* _WHAT NEEDS TO BE DONE_: Begin at the line below that has "X90670000Y-57715000D03*" and stop after the line that has "X94220000Y-57715000D01*". Please restate only those lines, word for word.

Stored dataset items
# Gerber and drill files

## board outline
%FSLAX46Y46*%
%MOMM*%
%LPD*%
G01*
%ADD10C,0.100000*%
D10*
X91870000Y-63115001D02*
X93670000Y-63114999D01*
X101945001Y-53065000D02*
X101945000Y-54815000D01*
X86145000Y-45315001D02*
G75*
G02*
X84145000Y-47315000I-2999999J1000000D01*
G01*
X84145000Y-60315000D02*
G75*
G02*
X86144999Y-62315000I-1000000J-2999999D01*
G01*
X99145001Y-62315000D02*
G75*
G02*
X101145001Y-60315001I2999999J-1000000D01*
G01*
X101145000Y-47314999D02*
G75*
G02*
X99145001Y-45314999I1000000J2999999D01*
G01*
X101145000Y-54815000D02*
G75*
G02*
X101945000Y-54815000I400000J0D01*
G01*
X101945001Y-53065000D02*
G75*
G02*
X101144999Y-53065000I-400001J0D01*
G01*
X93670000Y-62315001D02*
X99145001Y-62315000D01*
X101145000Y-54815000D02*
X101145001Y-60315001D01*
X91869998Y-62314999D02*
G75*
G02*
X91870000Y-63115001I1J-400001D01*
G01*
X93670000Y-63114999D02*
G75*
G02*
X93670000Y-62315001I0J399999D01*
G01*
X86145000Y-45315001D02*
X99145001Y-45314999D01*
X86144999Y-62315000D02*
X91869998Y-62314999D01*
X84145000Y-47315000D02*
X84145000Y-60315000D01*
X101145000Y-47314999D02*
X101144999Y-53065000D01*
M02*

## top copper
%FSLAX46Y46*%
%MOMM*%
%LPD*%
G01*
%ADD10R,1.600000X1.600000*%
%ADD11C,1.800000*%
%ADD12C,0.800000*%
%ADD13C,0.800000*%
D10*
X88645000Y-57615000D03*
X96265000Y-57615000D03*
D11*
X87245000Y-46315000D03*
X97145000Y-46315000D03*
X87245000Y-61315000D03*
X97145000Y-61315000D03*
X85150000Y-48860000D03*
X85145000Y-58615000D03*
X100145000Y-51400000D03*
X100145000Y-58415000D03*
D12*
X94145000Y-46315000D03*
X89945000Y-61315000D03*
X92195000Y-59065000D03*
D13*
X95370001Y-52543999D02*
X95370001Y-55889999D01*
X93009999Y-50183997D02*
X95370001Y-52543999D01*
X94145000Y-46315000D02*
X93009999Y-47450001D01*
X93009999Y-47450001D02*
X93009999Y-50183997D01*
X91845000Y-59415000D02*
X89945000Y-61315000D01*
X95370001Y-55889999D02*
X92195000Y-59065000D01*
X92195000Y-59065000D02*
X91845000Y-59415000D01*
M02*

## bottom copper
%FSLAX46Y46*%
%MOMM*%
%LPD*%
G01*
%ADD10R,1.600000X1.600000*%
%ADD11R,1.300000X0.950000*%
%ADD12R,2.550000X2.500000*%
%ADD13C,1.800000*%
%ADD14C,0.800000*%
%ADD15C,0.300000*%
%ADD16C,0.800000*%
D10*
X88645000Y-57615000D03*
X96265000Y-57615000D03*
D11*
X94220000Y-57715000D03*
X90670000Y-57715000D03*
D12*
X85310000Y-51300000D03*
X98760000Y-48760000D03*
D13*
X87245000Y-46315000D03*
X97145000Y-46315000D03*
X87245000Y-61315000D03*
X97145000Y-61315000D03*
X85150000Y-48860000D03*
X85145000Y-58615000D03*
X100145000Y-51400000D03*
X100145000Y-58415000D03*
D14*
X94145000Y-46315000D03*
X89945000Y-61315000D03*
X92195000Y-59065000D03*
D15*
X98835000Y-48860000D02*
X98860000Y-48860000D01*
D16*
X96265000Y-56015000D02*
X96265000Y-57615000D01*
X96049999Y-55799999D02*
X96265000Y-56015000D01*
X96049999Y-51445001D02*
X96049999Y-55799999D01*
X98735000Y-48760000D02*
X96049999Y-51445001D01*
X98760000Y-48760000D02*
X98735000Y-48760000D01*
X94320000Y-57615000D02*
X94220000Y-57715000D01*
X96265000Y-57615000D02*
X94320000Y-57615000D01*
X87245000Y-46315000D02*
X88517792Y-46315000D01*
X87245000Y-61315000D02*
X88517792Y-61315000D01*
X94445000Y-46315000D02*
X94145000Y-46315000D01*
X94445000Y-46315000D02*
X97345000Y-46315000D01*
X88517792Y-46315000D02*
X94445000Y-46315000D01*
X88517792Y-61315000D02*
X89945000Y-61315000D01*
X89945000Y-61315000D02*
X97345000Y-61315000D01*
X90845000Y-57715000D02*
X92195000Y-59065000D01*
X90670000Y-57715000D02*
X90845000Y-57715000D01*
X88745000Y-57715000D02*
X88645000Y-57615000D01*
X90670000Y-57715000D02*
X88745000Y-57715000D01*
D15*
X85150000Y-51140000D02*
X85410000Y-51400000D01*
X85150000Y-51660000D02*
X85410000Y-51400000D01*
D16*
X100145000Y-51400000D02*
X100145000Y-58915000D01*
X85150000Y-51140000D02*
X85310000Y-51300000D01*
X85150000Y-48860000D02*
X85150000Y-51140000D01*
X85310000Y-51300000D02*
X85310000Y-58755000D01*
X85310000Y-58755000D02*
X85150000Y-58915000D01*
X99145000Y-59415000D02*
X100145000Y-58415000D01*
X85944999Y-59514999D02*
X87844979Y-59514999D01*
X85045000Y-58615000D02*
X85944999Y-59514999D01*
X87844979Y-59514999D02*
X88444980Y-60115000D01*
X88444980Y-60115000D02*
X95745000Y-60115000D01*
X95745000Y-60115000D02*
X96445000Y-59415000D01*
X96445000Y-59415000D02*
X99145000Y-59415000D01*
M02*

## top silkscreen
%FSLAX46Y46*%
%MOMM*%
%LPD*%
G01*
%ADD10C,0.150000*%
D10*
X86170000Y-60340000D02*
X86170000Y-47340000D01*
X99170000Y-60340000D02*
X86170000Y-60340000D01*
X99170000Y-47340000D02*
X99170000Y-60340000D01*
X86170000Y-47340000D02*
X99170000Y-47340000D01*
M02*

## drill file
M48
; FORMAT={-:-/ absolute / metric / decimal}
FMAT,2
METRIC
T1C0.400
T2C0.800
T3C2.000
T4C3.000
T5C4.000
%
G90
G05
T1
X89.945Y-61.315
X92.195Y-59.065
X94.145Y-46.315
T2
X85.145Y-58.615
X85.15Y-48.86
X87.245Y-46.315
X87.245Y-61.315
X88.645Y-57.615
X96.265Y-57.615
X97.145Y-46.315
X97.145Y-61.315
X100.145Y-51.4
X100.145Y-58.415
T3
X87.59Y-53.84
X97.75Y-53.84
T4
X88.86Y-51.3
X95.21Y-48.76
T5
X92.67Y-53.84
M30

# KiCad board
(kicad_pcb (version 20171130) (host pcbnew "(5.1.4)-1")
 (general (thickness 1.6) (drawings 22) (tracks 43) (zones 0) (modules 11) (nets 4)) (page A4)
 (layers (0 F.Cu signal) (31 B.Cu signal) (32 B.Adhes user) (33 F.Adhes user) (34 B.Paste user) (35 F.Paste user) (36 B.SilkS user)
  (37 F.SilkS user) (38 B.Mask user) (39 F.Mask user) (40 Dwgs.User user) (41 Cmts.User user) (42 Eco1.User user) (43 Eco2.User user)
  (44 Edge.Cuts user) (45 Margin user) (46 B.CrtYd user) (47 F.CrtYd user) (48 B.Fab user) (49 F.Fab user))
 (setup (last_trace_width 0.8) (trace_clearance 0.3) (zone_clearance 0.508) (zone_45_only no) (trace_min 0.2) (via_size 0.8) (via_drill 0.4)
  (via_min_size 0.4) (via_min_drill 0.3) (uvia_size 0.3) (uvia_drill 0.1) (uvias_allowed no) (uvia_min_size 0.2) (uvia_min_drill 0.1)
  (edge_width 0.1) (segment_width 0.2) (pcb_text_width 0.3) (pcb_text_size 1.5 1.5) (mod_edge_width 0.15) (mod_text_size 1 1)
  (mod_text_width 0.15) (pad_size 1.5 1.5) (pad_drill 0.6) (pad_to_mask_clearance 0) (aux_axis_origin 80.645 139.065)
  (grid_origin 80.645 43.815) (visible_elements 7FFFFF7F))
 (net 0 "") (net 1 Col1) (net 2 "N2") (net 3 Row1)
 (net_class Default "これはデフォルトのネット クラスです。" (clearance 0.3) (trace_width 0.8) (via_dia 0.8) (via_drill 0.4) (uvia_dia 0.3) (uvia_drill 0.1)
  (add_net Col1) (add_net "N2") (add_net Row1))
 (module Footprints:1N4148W (layer B.Cu) (at 88.645 57.615)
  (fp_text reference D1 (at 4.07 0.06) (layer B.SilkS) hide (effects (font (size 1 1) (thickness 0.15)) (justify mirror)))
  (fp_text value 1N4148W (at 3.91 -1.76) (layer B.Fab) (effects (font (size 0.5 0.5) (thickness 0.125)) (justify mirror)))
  (pad 1 thru_hole rect (at 0 0) (size 1.6 1.6) (drill 0.8) (layers *.Cu *.Mask) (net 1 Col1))
  (pad 2 thru_hole rect (at 7.62 0) (size 1.6 1.6) (drill 0.8) (layers *.Cu *.Mask) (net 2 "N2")))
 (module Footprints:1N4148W (layer B.Cu) (at 92.445 57.715)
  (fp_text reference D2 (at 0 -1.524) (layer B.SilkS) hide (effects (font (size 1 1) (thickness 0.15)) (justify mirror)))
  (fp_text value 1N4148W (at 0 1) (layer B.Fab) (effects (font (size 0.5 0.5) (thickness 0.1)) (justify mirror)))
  (pad 2 smd rect (at 1.775 0) (size 1.3 0.95) (layers B.Cu B.Paste B.Mask) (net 2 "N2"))
  (pad 1 smd rect (at -1.775 0) (size 1.3 0.95) (layers B.Cu B.Paste B.Mask) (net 1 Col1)))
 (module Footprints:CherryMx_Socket (layer F.Cu) (at 92.67 53.84)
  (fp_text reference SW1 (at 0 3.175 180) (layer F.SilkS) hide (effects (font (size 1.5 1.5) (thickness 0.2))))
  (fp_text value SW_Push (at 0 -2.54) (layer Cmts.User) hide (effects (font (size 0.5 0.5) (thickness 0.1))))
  (fp_line (start -6.5 6.5) (end -6.5 -6.5) (layer F.SilkS) (width 0.15))
  (fp_line (start 6.5 6.5) (end -6.5 6.5) (layer F.SilkS) (width 0.15))
  (fp_line (start 6.5 -6.5) (end 6.5 6.5) (layer F.SilkS) (width 0.15))
  (fp_line (start -6.5 -6.5) (end 6.5 -6.5) (layer F.SilkS) (width 0.15))
  (pad 1 smd rect (at -7.36 -2.54) (size 2.55 2.5) (layers B.Cu B.Paste B.Mask) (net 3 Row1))
  (pad 2 smd rect (at 6.09 -5.08) (size 2.55 2.5) (layers B.Cu B.Paste B.Mask) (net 2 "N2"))
  (pad "" np_thru_hole circle (at -5.08 0) (size 2 2) (drill 2) (layers *.Cu *.Mask))
  (pad "" np_thru_hole circle (at -3.81 -2.54) (size 3 3) (drill 3) (layers *.Cu *.Mask))
  (pad "" np_thru_hole circle (at 0 0) (size 4 4) (drill 4) (layers *.Cu *.Mask))
  (pad "" np_thru_hole circle (at 2.54 -5.08) (size 3 3) (drill 3) (layers *.Cu *.Mask))
  (pad "" np_thru_hole circle (at 5.08 0) (size 2 2) (drill 2) (layers *.Cu *.Mask)))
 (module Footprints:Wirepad (layer B.Cu) (at 87.245 46.315)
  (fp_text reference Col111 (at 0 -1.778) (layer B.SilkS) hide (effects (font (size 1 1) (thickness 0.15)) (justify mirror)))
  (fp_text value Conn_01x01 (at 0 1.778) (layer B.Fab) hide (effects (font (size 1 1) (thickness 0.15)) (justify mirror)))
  (pad 1 thru_hole circle (at 0 0) (size 1.8 1.8) (drill 0.8) (layers B.Cu B.Mask) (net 1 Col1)))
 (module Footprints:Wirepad (layer B.Cu) (at 97.145 46.315)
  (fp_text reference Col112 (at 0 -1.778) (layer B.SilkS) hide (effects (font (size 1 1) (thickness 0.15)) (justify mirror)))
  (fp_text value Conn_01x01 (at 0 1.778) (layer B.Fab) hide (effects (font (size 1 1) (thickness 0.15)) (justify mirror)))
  (pad 1 thru_hole circle (at 0 0) (size 1.8 1.8) (drill 0.8) (layers B.Cu B.Mask) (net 1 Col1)))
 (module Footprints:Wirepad (layer B.Cu) (at 87.245 61.315)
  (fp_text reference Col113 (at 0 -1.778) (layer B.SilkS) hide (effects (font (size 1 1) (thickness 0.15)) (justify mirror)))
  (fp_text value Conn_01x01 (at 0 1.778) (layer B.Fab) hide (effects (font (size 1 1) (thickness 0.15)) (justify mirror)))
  (pad 1 thru_hole circle (at 0 0) (size 1.8 1.8) (drill 0.8) (layers B.Cu B.Mask) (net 1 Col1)))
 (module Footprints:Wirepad (layer B.Cu) (at 97.145 61.315)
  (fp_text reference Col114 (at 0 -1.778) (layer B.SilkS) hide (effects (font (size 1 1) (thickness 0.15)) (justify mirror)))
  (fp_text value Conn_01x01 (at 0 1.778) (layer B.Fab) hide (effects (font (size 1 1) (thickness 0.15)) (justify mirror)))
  (pad 1 thru_hole circle (at 0 0) (size 1.8 1.8) (drill 0.8) (layers B.Cu B.Mask) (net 1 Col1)))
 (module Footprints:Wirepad (layer B.Cu) (at 85.15 48.86)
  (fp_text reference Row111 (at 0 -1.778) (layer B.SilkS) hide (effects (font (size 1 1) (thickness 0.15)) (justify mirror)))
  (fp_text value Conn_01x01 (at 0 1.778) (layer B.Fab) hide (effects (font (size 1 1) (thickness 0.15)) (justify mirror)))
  (pad 1 thru_hole circle (at 0 0) (size 1.8 1.8) (drill 0.8) (layers B.Cu B.Mask) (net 3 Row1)))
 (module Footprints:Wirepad (layer B.Cu) (at 85.145 58.615)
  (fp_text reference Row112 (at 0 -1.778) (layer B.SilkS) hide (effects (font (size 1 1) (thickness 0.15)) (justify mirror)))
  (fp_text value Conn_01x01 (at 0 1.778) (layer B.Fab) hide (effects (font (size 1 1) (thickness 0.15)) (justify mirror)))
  (pad 1 thru_hole circle (at 0 0) (size 1.8 1.8) (drill 0.8) (layers B.Cu B.Mask) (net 3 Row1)))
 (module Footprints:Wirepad (layer B.Cu) (at 100.145 51.4)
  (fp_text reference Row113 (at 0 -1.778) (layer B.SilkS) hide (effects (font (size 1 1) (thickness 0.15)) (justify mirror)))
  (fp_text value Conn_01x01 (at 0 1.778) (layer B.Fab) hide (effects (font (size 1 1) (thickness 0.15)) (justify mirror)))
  (pad 1 thru_hole circle (at 0 0) (size 1.8 1.8) (drill 0.8) (layers B.Cu B.Mask) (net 3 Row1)))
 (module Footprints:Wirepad (layer B.Cu) (at 100.145 58.415)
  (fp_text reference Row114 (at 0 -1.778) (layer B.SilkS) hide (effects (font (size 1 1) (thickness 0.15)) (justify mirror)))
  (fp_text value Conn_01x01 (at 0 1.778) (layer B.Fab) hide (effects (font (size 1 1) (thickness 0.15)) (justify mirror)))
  (pad 1 thru_hole circle (at 0 0) (size 1.8 1.8) (drill 0.8) (layers B.Cu B.Mask) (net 3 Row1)))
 (gr_line (start 91.87 63.115001) (end 93.67 63.114999) (layer Edge.Cuts) (width 0.1))
 (gr_line (start 101.945001 53.065) (end 101.945 54.815) (layer Edge.Cuts) (width 0.1))
 (gr_arc (start 83.145001 44.315001) (end 84.145 47.315) (angle -53.13010235) (layer Edge.Cuts) (width 0.1))
 (gr_arc (start 83.145 63.314999) (end 86.144999 62.315) (angle -53.13010235) (layer Edge.Cuts) (width 0.1))
 (gr_arc (start 102.145 63.315) (end 101.145001 60.315001) (angle -53.13010235) (layer Edge.Cuts) (width 0.1))
 (gr_arc (start 102.145 44.315) (end 99.145001 45.314999) (angle -53.13010235) (layer Edge.Cuts) (width 0.1))
 (gr_arc (start 101.545 54.815) (end 101.945 54.815) (angle -180) (layer Edge.Cuts) (width 0.1))
 (gr_arc (start 101.545 53.065) (end 101.144999 53.065) (angle -180) (layer Edge.Cuts) (width 0.1))
 (gr_line (start 93.67 62.315001) (end 99.145001 62.315) (layer Edge.Cuts) (width 0.1))
 (gr_line (start 101.145 54.815) (end 101.145001 60.315001) (layer Edge.Cuts) (width 0.1))
 (gr_arc (start 91.869999 62.715) (end 91.87 63.115001) (angle -180) (layer Edge.Cuts) (width 0.1))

* _ANSWER TO THE EXERCISE_:
X90670000Y-57715000D03*
D12*
X85310000Y-51300000D03*
X98760000Y-48760000D03*
D13*
X87245000Y-46315000D03*
X97145000Y-46315000D03*
X87245000Y-61315000D03*
X97145000Y-61315000D03*
X85150000Y-48860000D03*
X85145000Y-58615000D03*
X100145000Y-51400000D03*
X100145000Y-58415000D03*
D14*
X94145000Y-46315000D03*
X89945000Y-61315000D03*
X92195000Y-59065000D03*
D15*
X98835000Y-48860000D02*
X98860000Y-48860000D01*
D16*
X96265000Y-56015000D02*
X96265000Y-57615000D01*
X96049999Y-55799999D02*
X96265000Y-56015000D01*
X96049999Y-51445001D02*
X96049999Y-55799999D01*
X98735000Y-48760000D02*
X96049999Y-51445001D01*
X98760000Y-48760000D02*
X98735000Y-48760000D01*
X94320000Y-57615000D02*
X94220000Y-57715000D01*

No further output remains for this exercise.